Open image database for plant cultivation
By creating an open large image database, you can use machine learning and computer vision to find out where a certain crop grows in a field and its health and status. The goal is to create an image database of various named crops, both crops and weeds that can be used as decision support in agriculture.
Purpose and goal
The project aims to create an open large image database which through machine learning and computer vision can find where a certain crop grows in a field and its health & status. The goal is an image database of various named crops, both crops & weeds. This can then be used as a basis for decision support systems that help the farmer decide when it is time to control weeds. In the future, the information could be used for direct control of efforts, or to determine the proportion of different grass & clover varieties there are in a grassland, which gives how one should fertilize to keep the clover.

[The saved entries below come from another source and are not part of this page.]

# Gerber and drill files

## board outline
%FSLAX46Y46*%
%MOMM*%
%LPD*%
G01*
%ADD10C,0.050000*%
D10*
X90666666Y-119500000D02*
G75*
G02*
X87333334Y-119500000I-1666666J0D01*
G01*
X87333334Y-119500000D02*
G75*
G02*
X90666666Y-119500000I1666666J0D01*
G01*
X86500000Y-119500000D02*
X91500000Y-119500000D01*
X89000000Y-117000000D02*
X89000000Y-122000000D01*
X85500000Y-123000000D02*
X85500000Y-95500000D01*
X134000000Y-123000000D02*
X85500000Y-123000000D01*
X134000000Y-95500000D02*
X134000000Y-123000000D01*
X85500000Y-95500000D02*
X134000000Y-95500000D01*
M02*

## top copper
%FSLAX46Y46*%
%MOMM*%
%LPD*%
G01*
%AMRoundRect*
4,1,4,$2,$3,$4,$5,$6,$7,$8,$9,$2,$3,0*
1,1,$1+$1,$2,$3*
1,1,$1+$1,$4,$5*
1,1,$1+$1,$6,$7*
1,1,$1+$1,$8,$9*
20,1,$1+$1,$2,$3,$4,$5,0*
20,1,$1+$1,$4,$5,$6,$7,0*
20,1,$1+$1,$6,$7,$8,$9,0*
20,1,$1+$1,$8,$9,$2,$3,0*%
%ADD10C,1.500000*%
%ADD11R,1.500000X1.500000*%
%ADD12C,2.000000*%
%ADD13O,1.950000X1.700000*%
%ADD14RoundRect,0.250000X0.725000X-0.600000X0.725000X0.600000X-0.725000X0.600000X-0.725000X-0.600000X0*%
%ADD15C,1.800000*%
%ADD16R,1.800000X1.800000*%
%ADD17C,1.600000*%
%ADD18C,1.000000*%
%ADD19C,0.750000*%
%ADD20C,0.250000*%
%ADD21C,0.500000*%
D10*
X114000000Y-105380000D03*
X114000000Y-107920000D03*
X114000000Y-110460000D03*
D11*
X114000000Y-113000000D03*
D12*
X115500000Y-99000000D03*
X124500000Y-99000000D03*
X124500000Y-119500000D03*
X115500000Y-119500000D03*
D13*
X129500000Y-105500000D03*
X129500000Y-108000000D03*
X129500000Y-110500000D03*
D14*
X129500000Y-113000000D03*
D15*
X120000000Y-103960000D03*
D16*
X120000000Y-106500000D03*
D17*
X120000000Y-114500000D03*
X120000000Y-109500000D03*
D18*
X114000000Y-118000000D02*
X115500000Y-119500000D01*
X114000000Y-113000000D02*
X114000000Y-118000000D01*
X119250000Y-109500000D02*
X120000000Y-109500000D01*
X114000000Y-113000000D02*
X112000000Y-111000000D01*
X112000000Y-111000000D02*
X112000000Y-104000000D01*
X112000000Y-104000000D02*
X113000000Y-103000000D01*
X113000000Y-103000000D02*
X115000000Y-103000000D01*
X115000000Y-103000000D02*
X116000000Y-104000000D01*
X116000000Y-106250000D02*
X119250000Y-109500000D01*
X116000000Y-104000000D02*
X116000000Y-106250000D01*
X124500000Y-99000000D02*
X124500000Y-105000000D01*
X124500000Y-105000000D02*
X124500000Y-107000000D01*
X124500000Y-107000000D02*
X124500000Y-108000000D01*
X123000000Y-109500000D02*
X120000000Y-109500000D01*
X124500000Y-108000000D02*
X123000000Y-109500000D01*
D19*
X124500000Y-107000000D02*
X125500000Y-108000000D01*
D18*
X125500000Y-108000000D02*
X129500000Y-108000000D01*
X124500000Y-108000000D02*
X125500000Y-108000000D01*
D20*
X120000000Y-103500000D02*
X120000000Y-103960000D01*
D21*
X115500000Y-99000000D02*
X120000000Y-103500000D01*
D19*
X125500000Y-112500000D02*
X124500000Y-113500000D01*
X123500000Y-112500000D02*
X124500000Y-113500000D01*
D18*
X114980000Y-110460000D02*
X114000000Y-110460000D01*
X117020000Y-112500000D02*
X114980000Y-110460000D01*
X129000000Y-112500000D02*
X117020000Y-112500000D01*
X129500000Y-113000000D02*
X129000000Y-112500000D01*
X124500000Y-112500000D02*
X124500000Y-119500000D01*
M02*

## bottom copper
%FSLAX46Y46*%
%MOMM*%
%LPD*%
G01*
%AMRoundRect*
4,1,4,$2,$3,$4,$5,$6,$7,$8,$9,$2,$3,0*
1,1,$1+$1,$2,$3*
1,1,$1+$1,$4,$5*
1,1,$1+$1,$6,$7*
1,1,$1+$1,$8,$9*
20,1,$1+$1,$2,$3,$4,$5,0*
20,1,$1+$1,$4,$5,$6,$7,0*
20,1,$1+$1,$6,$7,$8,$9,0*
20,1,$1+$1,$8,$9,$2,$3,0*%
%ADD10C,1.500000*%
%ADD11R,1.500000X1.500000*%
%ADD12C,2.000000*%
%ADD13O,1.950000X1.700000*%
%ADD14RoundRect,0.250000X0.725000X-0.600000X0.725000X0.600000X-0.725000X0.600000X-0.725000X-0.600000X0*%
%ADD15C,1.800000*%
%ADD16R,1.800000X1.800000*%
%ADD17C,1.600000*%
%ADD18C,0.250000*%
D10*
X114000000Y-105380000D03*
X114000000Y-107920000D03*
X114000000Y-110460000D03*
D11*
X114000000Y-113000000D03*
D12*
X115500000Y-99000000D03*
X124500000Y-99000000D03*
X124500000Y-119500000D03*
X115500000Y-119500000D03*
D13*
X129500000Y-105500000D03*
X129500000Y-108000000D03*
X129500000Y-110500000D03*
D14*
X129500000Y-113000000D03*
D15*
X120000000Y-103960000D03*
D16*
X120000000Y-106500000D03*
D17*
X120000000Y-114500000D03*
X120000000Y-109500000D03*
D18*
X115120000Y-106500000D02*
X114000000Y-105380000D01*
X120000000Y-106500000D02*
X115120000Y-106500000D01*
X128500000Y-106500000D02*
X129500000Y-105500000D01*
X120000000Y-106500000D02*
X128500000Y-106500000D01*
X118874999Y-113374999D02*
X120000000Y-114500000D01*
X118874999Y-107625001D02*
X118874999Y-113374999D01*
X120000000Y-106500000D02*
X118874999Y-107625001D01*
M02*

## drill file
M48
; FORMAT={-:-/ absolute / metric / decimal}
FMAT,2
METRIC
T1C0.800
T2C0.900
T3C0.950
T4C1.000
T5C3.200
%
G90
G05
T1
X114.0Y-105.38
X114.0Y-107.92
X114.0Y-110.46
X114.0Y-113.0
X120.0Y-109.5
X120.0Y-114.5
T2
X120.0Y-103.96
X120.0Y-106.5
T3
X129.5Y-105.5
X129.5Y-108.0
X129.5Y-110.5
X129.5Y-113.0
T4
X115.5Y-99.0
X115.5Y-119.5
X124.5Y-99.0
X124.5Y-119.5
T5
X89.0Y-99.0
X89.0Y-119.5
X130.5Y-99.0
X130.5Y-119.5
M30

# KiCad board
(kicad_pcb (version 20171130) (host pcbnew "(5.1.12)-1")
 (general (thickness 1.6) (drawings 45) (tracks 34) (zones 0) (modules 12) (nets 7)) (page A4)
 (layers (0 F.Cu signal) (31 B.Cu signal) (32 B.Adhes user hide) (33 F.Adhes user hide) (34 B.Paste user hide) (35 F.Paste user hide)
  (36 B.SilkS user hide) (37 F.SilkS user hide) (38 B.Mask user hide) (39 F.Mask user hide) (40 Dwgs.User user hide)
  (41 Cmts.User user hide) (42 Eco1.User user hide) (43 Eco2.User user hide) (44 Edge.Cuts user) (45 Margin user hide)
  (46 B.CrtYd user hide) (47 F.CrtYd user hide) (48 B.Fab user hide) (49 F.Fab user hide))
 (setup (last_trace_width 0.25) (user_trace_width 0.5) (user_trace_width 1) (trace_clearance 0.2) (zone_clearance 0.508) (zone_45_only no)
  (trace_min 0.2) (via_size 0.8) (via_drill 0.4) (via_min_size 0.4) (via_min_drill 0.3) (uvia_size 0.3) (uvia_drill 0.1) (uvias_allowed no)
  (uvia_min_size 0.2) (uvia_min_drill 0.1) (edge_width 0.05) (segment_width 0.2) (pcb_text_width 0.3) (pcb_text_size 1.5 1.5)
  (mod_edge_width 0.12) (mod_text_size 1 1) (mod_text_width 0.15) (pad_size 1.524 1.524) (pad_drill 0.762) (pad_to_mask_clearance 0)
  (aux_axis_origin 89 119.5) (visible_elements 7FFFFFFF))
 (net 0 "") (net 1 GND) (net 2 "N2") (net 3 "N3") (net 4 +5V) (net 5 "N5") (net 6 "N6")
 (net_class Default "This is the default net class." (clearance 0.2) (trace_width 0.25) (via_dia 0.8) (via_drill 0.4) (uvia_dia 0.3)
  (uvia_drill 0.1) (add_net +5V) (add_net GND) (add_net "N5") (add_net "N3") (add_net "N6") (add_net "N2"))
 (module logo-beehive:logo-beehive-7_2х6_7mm (layer F.Cu) (at 98 119)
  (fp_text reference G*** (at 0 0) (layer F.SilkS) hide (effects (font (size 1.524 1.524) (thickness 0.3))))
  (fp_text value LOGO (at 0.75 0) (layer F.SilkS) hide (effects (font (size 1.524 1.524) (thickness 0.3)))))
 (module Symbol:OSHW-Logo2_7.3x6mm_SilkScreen (layer F.Cu) (at 106.5 119.5)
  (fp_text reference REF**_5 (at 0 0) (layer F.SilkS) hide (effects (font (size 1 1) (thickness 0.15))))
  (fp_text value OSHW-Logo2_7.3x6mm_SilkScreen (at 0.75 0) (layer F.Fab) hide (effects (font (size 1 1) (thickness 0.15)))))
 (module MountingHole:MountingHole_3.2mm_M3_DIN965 (layer F.Cu) (at 89 119.5 180)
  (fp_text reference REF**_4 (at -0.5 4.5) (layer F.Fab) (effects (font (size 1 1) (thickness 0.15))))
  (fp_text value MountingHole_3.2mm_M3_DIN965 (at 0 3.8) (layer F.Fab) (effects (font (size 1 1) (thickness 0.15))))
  (pad 1 np_thru_hole circle (at 0 0 180) (size 3.2 3.2) (drill 3.2) (layers *.Cu *.Mask)))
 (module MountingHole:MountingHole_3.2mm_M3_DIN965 (layer F.Cu) (at 89 99 90)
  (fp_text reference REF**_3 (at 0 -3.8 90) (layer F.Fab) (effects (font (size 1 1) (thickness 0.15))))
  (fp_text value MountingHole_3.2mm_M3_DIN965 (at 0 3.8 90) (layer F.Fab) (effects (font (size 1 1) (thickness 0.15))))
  (pad 1 np_thru_hole circle (at 0 0 90) (size 3.2 3.2) (drill 3.2) (layers *.Cu *.Mask)))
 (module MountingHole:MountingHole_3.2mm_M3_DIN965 (layer F.Cu) (at 130.5 119.5)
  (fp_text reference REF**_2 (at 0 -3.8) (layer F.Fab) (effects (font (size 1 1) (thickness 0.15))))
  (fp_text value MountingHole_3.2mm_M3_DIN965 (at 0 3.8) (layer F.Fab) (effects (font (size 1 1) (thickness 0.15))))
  (pad 1 np_thru_hole circle (at 0 0) (size 3.2 3.2) (drill 3.2) (layers *.Cu *.Mask)))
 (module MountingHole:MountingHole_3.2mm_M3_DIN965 (layer F.Cu) (at 130.5 99)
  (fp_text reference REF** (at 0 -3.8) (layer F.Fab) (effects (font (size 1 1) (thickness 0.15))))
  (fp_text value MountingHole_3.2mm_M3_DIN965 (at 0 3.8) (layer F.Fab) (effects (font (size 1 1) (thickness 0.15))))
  (pad 1 np_thru_hole circle (at 0 0) (size 3.2 3.2) (drill 3.2) (layers *.Cu *.Mask)))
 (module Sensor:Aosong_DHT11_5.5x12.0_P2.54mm (layer F.Cu) (at 114 113 180)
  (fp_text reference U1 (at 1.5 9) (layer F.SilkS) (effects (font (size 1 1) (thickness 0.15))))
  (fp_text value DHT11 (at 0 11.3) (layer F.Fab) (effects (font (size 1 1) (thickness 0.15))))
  (pad 4 thru_hole circle (at 0 7.62 180) (size 1.5 1.5) (drill 0.8) (layers *.Cu *.Mask) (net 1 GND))
  (pad 3 thru_hole circle (at 0 5.08 180) (size 1.5 1.5) (drill 0.8) (layers *.Cu *.Mask) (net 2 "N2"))
  (pad 2 thru_hole circle (at 0 2.54 180) (size 1.5 1.5) (drill 0.8) (layers *.Cu *.Mask) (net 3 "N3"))
  (pad 1 thru_hole rect (at 0 0 180) (size 1.5 1.5) (drill 0.8) (layers *.Cu *.Mask) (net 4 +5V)))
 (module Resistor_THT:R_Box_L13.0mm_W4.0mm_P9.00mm (layer F.Cu) (at 124.5 99 180)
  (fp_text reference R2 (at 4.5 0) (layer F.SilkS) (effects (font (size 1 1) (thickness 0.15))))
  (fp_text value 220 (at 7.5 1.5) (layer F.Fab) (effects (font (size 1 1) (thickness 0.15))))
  (pad 2 thru_hole circle (at 9 0 180) (size 2 2) (drill 1) (layers *.Cu *.Mask) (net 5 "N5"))
  (pad 1 thru_hole circle (at 0 0 180) (size 2 2) (drill 1) (layers *.Cu *.Mask) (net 4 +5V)))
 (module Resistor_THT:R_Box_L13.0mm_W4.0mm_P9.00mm (layer F.Cu) (at 115.5 119.5)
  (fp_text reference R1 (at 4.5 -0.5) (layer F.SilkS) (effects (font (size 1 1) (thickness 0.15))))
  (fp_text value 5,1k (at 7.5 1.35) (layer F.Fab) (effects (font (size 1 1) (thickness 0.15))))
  (pad 2 thru_hole circle (at 9 0) (size 2 2) (drill 1) (layers *.Cu *.Mask) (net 3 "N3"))
  (pad 1 thru_hole circle (at 0 0) (size 2 2) (drill 1) (layers *.Cu *.Mask) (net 4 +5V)))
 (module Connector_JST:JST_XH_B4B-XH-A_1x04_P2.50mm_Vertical (layer F.Cu) (at 129.5 113 90)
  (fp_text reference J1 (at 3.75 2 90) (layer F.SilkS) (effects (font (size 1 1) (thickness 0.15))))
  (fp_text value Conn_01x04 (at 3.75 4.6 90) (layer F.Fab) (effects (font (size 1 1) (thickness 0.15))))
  (pad 4 thru_hole oval (at 7.5 0 90) (size 1.7 1.95) (drill 0.95) (layers *.Cu *.Mask) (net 1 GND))
  (pad 3 thru_hole oval (at 5 0 90) (size 1.7 1.95) (drill 0.95) (layers *.Cu *.Mask) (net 4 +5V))
  (pad 2 thru_hole oval (at 2.5 0 90) (size 1.7 1.95) (drill 0.95) (layers *.Cu *.Mask) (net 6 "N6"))
  (pad 1 thru_hole roundrect (at 0 0 90) (size 1.7 1.95) (drill 0.95) (layers *.Cu *.Mask) (roundrect_rratio 0.1470588235294118)
   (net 3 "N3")))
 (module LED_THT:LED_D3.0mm (layer F.Cu) (at 120 106.5 90)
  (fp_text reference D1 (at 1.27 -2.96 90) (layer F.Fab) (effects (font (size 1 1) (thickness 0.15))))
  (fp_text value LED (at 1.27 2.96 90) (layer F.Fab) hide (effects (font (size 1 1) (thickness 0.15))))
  (pad 2 thru_hole circle (at 2.54 0 90) (size 1.8 1.8) (drill 0.9) (layers *.Cu *.Mask) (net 5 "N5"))
  (pad 1 thru_hole rect (at 0 0 90) (size 1.8 1.8) (drill 0.9) (layers *.Cu *.Mask) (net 1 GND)))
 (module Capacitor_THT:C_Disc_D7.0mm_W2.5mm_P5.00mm (layer F.Cu) (at 120 109.5 270)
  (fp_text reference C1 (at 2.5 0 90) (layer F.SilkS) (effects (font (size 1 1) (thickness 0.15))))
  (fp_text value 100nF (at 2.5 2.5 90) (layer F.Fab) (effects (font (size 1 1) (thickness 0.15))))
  (pad 2 thru_hole circle (at 5 0 270) (size 1.6 1.6) (drill 0.8) (layers *.Cu *.Mask) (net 1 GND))
  (pad 1 thru_hole circle (at 0 0 270) (size 1.6 1.6) (drill 0.8) (layers *.Cu *.Mask) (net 4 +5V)))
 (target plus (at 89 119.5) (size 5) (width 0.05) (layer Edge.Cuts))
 (gr_line (start 85.5 123) (end 85.5 95.5) (layer Edge.Cuts) (width 0.05))
 (gr_line (start 134 123) (end 85.5 123) (layer Edge.Cuts) (width 0.05))
 (gr_line (start 134 95.5) (end 134 123) (layer Edge.Cuts) (width 0.05))
 (gr_line (start 85.5 95.5) (end 134 95.5) (layer Edge.Cuts) (width 0.05))
 (segment (start 115.12 106.5) (end 114 105.38) (width 0.25) (layer B.Cu) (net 1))
 (segment (start 120 106.5) (end 115.12 106.5) (width 0.25) (layer B.Cu) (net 1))
 (segment (start 128.5 106.5) (end 129.5 105.5) (width 0.25) (layer B.Cu) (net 1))
 (segment (start 120 106.5) (end 128.5 106.5) (width 0.25) (layer B.Cu) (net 1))
 (segment (start 118.874999 113.374999) (end 120 114.5) (width 0.25) (layer B.Cu) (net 1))
 (segment (start 118.874999 107.625001) (end 118.874999 113.374999) (width 0.25) (layer B.Cu) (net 1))
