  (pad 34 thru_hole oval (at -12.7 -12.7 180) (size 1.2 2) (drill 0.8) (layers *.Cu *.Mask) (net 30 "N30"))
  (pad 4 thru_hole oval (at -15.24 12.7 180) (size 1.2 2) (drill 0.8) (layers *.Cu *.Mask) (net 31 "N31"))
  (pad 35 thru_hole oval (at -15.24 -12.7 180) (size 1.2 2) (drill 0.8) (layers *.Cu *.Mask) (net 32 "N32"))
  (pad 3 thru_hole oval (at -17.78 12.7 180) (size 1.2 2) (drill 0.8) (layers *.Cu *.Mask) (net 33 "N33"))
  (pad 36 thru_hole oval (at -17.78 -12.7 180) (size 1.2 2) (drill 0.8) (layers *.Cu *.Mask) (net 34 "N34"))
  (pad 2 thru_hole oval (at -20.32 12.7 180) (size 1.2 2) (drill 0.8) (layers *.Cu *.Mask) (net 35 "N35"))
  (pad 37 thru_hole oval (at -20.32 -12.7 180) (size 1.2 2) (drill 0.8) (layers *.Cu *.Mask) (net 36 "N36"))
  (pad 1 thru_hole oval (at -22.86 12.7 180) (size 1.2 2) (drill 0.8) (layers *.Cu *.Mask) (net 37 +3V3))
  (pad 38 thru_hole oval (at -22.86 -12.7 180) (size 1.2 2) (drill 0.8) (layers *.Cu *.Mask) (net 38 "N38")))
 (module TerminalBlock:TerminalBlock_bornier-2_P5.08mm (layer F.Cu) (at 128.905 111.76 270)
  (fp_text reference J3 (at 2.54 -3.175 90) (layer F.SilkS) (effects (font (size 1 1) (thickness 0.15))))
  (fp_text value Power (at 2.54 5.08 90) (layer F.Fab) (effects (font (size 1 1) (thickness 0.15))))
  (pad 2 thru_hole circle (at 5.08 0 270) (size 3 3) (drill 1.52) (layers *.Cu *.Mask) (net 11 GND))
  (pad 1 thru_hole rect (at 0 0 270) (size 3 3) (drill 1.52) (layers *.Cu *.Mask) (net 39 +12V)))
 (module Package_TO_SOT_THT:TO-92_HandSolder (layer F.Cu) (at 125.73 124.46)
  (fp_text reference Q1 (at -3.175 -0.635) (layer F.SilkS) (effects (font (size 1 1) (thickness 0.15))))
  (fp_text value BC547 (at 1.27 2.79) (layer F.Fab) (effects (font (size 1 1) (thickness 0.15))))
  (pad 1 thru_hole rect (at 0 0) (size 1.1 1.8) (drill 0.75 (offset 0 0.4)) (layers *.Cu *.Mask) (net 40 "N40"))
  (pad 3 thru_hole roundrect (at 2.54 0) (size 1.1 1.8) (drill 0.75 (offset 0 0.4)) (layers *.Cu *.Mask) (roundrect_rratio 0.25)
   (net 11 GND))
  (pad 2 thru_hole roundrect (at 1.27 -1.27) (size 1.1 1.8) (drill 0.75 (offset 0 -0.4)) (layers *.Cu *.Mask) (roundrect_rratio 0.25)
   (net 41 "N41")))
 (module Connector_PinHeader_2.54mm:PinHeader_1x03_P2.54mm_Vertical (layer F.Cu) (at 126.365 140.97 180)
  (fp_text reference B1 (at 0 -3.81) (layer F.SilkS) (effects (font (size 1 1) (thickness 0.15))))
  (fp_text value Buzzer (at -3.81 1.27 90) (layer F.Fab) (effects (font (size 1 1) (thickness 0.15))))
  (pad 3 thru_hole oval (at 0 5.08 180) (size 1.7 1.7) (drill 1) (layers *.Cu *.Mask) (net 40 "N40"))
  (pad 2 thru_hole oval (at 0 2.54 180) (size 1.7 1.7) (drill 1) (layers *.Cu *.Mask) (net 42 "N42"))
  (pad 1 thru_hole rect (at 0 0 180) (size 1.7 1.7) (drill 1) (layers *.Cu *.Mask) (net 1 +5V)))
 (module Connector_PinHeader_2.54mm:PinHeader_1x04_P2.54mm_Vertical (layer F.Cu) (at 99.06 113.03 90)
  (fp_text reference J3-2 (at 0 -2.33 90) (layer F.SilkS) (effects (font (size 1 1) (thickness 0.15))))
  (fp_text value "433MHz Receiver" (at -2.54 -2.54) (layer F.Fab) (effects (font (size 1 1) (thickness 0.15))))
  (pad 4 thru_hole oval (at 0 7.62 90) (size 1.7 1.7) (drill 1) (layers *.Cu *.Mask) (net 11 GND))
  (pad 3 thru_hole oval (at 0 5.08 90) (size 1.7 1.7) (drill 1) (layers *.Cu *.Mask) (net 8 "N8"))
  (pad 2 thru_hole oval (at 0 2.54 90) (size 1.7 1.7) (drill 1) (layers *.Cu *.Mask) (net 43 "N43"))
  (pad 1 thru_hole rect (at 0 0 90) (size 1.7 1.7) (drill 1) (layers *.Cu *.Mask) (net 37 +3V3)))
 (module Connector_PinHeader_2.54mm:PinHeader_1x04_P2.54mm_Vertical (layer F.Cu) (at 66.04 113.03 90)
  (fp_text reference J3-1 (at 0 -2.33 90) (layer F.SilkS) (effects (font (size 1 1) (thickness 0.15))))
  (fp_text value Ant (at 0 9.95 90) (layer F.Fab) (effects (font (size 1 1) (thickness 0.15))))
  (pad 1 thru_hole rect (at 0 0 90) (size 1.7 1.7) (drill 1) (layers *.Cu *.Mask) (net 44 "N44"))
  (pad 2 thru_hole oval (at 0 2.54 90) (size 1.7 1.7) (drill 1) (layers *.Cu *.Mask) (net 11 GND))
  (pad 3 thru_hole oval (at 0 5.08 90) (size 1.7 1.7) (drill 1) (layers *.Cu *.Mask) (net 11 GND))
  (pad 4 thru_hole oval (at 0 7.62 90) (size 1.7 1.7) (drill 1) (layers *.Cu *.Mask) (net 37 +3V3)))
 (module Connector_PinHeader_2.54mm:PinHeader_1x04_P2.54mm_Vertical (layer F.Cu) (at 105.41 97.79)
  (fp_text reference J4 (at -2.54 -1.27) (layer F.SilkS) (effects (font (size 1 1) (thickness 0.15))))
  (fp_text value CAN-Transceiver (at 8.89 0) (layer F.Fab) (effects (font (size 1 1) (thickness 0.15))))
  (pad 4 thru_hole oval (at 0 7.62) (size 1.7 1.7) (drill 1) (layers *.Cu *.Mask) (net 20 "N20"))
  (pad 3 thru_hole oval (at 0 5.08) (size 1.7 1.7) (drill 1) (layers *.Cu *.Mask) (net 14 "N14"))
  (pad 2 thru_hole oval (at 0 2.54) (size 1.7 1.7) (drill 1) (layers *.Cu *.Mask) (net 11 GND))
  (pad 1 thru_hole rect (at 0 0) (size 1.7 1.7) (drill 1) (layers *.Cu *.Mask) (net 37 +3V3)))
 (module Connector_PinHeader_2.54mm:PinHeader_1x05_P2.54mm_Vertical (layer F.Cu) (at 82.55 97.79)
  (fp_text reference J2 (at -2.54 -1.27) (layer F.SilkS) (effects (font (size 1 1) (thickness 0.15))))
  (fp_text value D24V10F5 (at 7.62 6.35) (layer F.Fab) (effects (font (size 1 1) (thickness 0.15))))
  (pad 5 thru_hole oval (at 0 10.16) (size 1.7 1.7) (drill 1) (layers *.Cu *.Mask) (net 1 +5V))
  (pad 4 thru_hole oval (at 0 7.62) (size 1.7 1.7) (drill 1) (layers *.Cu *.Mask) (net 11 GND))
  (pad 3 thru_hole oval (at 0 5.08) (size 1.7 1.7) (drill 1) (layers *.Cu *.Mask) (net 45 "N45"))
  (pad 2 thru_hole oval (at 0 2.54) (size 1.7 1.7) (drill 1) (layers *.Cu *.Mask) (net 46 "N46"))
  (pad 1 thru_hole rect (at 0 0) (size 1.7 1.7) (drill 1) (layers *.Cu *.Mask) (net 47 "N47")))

Expected effects and results
The collected data will be published for free use and thus strengthens basic research in automatic recognition of crops relevant to Swedish conditions and its diseases. It creates new opportunities for start-ups to develop innovations for this area without being burdened by costs for data collection. Preliminary analyses will provide indications of results that could be achieved in future applications. These can serve as a first input to environmental authorities about what is possible with new technology, and thus be the basis for any future legislation.
Implementation
The project will use testbed Digitalised agriculture which is run by RISE in Uppsala to develop both collection methodology and systems. It will continuously collect images during all growth phases from sowing to harvest using flying and ground-based camera systems. The use of two different carriers of collection systems is justified by the fact that different views of the plant may be needed in different future applications. It is not known today which will be successful, but we want to give the opportunity for both to be investigated. During the second year of the project, Testbed UAV will also be used.